Boohoo, thay might have half their markup eaten up if they built them someplace that doesn't have to have suicide nets underneath the windows of the factory.


Which specific regulations do you think are choking US businesses to death? I see a lot of handwaving about oppressive regulation, but I don't see anything careful cost-benefit discussion of which regulations are oppressive.


You've never worked in a blue-collar industry, then. It's a death by 1000 cuts. When your workers are frustrated by the amount of red tape and regulation surrounding their day to day work tasks, something is wrong.


Every factory, the explanation hours for the kindergarden- do not jump, do use the stairwell rails, do read all the rules, do not use the robots for rodeo.

And if you complain about the stupidness of regulations, the responsibility shysters barricading proclaim you hysteric or careless. My personal favorite is lumber-work, where in some of the heavy duty protection equipment you are supposed to wear is so heavy, people make exhausted stupid mistakes and get injured because of the security measure. Example references the Kevlar jackets and trousers- lately partially replaced by lighter plastic protection gear. The worst part is - some regulations introduce routine- and routine kills.

There are good examples, like the Japanese railroad signal system though, so its not all bad.


Land use planning, eminent domain, employee regulations, tax regulations, etc, etc, etc. Where do you want to start?


Eminent domain is killing businesses? In rural areas? How so?


This is essentially Trump's plan, which has had a hard time finding anyone in the field of economics to back it.

Can you point to anyone who has qualifications beyond being a pundit that believes that things would work out as you say?


you mean like electrical, fire, and general safety regulations? going off your "mill town" example, would you rather copy Bangladesh where the buildings collapse and children as young as 11 work 70 hours weeks in the textile industry?


One needn't always trot out an extreme to try to discredit a point. I've watched my home county wither and die over the last 20 years as increasingly they have been undercut by goods produced under conditions that would be illegal in this country. If you want to regulate industries to make them incredibly safe, you have to penalize other countries that are willing to cut those corners, or all you have done is extinguish your industries.
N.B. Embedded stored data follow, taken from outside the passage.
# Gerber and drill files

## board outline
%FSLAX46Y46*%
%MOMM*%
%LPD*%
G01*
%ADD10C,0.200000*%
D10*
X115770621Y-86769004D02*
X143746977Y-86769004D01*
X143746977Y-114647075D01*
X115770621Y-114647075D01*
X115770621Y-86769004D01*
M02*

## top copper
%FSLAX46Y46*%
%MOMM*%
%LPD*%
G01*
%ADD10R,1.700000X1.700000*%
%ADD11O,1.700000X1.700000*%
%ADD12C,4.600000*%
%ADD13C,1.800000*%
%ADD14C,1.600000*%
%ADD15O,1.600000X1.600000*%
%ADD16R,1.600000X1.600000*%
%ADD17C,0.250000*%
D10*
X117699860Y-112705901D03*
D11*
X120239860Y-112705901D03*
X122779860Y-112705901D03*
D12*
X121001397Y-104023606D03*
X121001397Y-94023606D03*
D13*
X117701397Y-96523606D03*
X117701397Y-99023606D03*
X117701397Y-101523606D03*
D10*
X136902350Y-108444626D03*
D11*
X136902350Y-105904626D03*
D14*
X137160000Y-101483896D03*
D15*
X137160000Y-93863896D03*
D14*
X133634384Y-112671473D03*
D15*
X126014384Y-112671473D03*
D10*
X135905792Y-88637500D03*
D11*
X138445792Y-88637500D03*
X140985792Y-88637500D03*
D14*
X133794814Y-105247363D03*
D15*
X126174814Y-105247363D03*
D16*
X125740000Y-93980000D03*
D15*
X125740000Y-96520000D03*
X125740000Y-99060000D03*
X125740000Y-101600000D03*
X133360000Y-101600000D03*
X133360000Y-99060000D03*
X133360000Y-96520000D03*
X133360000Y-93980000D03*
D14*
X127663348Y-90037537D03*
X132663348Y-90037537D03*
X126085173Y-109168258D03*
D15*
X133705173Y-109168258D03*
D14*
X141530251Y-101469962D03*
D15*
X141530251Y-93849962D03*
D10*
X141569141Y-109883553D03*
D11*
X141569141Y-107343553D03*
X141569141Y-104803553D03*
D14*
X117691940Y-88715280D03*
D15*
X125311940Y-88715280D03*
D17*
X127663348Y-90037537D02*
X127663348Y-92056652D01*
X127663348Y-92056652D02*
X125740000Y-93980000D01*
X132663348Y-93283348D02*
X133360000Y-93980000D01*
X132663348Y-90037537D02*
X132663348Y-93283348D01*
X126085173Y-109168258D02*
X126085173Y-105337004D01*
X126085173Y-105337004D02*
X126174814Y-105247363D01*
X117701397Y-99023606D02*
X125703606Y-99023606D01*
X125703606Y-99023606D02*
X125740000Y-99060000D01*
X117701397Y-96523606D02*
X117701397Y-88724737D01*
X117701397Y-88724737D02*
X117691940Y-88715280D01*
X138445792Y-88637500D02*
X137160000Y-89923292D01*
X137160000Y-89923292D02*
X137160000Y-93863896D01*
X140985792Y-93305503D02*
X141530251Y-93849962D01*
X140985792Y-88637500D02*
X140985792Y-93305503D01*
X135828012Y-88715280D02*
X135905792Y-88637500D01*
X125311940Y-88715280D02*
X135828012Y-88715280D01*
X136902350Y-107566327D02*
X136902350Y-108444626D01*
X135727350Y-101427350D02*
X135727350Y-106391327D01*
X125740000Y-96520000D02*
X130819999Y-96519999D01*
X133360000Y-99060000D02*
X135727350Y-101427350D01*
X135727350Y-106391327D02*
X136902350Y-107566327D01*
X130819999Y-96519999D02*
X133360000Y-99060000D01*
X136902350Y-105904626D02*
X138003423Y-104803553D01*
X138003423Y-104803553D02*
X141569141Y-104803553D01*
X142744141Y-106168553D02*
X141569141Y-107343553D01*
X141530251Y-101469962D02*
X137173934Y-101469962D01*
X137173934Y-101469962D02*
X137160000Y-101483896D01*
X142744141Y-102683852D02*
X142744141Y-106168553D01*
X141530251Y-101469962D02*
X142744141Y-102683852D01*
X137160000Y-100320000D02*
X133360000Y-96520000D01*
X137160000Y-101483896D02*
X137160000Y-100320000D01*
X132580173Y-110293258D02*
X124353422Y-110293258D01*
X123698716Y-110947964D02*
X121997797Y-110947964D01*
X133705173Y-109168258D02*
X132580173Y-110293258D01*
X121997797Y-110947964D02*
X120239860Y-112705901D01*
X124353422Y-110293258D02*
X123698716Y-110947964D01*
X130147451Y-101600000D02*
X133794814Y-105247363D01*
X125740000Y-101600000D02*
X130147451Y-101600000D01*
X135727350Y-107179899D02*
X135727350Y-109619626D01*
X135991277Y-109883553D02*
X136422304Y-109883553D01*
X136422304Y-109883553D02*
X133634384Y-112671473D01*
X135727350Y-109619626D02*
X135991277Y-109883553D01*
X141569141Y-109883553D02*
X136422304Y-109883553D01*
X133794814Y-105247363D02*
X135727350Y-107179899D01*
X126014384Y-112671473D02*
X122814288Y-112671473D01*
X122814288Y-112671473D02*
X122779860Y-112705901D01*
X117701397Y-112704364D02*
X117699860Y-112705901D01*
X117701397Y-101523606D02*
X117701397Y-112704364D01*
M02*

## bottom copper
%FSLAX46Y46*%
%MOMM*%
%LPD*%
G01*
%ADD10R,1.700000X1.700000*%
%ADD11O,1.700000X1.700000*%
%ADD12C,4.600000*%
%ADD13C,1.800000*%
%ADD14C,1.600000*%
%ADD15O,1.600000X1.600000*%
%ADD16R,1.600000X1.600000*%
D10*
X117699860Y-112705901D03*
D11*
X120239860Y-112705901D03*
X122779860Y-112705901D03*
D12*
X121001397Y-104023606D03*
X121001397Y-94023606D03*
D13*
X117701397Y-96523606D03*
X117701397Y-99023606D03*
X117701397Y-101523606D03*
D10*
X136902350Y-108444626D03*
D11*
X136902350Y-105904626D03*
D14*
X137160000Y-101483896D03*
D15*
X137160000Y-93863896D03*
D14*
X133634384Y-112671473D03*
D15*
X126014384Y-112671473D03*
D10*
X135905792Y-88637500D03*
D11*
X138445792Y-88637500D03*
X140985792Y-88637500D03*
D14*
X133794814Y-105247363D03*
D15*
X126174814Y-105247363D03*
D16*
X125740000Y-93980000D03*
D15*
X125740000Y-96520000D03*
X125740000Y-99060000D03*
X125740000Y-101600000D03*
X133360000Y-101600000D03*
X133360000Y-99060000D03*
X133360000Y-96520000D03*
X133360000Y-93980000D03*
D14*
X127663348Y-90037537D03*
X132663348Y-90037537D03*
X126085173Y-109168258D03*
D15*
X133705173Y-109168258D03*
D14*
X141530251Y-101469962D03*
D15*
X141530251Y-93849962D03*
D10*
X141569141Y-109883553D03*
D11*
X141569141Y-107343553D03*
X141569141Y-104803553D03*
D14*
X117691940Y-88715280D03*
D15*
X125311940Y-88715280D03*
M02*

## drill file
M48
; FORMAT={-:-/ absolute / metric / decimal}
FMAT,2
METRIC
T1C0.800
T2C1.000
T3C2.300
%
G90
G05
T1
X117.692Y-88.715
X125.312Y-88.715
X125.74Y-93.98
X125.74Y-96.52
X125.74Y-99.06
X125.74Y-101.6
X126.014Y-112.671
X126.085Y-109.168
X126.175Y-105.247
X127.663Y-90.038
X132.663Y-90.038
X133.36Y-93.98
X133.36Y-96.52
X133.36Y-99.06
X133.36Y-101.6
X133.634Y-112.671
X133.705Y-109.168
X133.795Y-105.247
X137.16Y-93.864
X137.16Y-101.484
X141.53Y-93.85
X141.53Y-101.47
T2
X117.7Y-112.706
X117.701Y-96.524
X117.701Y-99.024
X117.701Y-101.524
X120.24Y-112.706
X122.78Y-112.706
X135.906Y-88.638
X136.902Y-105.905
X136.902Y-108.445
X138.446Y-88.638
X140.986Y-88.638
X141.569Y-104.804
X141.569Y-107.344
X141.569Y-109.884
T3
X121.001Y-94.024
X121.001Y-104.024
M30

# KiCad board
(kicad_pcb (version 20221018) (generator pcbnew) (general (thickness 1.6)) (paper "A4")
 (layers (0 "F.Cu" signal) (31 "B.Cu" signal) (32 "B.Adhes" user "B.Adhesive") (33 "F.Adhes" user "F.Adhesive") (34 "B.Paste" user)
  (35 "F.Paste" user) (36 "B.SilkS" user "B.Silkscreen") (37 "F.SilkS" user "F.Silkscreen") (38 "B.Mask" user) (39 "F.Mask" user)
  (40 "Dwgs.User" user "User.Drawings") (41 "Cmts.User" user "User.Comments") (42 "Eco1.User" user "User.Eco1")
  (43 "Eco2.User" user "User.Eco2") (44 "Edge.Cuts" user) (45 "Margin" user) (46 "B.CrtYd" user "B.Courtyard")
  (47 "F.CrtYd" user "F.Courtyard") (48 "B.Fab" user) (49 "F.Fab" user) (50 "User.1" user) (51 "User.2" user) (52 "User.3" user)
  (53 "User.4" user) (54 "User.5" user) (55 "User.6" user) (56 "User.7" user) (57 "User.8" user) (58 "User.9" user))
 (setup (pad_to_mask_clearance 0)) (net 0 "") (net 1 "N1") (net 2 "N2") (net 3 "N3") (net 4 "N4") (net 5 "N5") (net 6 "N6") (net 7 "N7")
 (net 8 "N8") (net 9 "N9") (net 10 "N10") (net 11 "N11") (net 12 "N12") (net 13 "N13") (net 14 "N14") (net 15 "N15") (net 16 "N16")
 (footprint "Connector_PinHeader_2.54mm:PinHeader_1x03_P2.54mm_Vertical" (layer "F.Cu") (at 117.69986 112.705901 90)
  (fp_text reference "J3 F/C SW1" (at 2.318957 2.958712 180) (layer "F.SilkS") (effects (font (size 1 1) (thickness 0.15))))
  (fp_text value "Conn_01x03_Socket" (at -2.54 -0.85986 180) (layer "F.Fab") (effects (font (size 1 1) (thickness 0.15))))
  (pad "1" thru_hole rect (at 0 0 90) (size 1.7 1.7) (drill 1) (layers "*.Cu" "*.Mask") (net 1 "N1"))
  (pad "2" thru_hole oval (at 0 2.54 90) (size 1.7 1.7) (drill 1) (layers "*.Cu" "*.Mask") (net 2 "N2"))
  (pad "3" thru_hole oval (at 0 5.08 90) (size 1.7 1.7) (drill 1) (layers "*.Cu" "*.Mask") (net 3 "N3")))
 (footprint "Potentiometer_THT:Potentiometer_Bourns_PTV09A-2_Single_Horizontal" (layer "F.Cu") (at 117.701397 96.523606 180)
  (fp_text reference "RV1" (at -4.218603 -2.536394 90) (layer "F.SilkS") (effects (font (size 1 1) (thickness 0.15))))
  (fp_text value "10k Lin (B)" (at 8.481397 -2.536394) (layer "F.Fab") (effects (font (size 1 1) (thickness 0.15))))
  (pad "" thru_hole circle (at -3.3 -7.5 180) (size 4.6 4.6) (drill 2.3) (layers "*.Cu" "*.Mask"))
  (pad "" thru_hole circle (at -3.3 2.5 180) (size 4.6 4.6) (drill 2.3) (layers "*.Cu" "*.Mask"))
  (pad "1" thru_hole circle (at 0 0 180) (size 1.8 1.8) (drill 1) (layers "*.Cu" "*.Mask") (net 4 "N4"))
  (pad "2" thru_hole circle (at 0 -2.5 180) (size 1.8 1.8) (drill 1) (layers "*.Cu" "*.Mask") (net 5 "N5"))
  (pad "3" thru_hole circle (at 0 -5 180) (size 1.8 1.8) (drill 1) (layers "*.Cu" "*.Mask") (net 1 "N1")))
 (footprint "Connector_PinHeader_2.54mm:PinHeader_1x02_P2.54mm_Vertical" (layer "F.Cu") (at 136.90235 108.444626 180)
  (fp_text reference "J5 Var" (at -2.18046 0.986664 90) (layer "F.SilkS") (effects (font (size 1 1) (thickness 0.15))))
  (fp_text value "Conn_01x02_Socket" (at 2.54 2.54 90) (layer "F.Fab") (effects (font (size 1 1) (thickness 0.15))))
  (pad "1" thru_hole rect (at 0 0 180) (size 1.7 1.7) (drill 1) (layers "*.Cu" "*.Mask") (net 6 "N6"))
  (pad "2" thru_hole oval (at 0 2.54 180) (size 1.7 1.7) (drill 1) (layers "*.Cu" "*.Mask") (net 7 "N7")))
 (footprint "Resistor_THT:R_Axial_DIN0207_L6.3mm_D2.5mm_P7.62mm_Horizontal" (layer "F.Cu") (at 137.16 101.483896 90)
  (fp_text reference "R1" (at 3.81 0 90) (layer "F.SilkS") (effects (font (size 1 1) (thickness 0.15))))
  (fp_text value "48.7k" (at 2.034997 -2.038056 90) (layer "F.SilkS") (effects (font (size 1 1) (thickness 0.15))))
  (pad "1" thru_hole circle (at 0 0 90) (size 1.6 1.6) (drill 0.8) (layers "*.Cu" "*.Mask") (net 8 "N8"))
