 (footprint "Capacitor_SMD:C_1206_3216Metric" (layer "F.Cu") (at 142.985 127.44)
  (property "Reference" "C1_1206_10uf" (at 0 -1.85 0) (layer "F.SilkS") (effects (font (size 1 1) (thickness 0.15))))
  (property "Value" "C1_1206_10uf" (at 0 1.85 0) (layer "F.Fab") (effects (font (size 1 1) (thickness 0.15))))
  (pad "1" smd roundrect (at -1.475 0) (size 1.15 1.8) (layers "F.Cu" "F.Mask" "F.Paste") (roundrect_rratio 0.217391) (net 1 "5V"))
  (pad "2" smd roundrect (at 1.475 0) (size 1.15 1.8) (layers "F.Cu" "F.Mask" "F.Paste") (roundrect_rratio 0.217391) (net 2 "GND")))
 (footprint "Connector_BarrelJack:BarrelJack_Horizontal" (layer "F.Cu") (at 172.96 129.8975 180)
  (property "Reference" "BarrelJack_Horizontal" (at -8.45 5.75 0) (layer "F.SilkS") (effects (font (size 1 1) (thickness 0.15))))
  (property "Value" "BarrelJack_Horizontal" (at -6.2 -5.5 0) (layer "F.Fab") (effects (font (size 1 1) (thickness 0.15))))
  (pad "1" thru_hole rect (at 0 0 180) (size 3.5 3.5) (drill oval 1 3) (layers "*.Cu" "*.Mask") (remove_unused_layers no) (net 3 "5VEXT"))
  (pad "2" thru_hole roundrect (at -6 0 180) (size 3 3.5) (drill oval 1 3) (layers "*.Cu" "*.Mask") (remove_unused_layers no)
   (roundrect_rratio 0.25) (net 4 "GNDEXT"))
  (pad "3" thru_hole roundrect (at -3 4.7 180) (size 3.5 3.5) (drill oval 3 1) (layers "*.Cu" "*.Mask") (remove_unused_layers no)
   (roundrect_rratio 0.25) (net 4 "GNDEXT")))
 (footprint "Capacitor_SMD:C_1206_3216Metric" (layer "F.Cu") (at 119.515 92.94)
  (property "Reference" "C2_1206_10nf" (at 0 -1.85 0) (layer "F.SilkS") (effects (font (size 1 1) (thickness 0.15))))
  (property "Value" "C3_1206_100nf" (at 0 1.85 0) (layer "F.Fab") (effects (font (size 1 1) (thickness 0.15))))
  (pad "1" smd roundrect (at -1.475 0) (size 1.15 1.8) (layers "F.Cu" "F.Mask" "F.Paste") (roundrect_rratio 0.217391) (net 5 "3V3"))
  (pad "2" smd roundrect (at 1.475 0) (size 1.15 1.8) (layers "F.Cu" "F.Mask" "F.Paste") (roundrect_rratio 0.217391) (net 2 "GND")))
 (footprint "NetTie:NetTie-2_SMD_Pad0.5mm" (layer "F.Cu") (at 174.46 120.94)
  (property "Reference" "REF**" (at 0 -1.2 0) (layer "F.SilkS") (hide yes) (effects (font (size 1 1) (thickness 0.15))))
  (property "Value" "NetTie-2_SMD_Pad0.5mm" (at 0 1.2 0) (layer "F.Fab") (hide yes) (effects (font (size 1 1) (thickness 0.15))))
name some laws that have been implemented in the last 40 years that have drastically changed manufacturing companies to be profitable.

There are a slew of reasons why its more expensive to manufacture things here in the US - globalization, cheap labor overseas. Taxes on corporations have no increased though in that period of time.


No! Rural America is responsible for the death of millions, Rural America is the responsible for holding the progression of human race and most important: rural America is who created the monopolies. Free market can only exist where states aren't.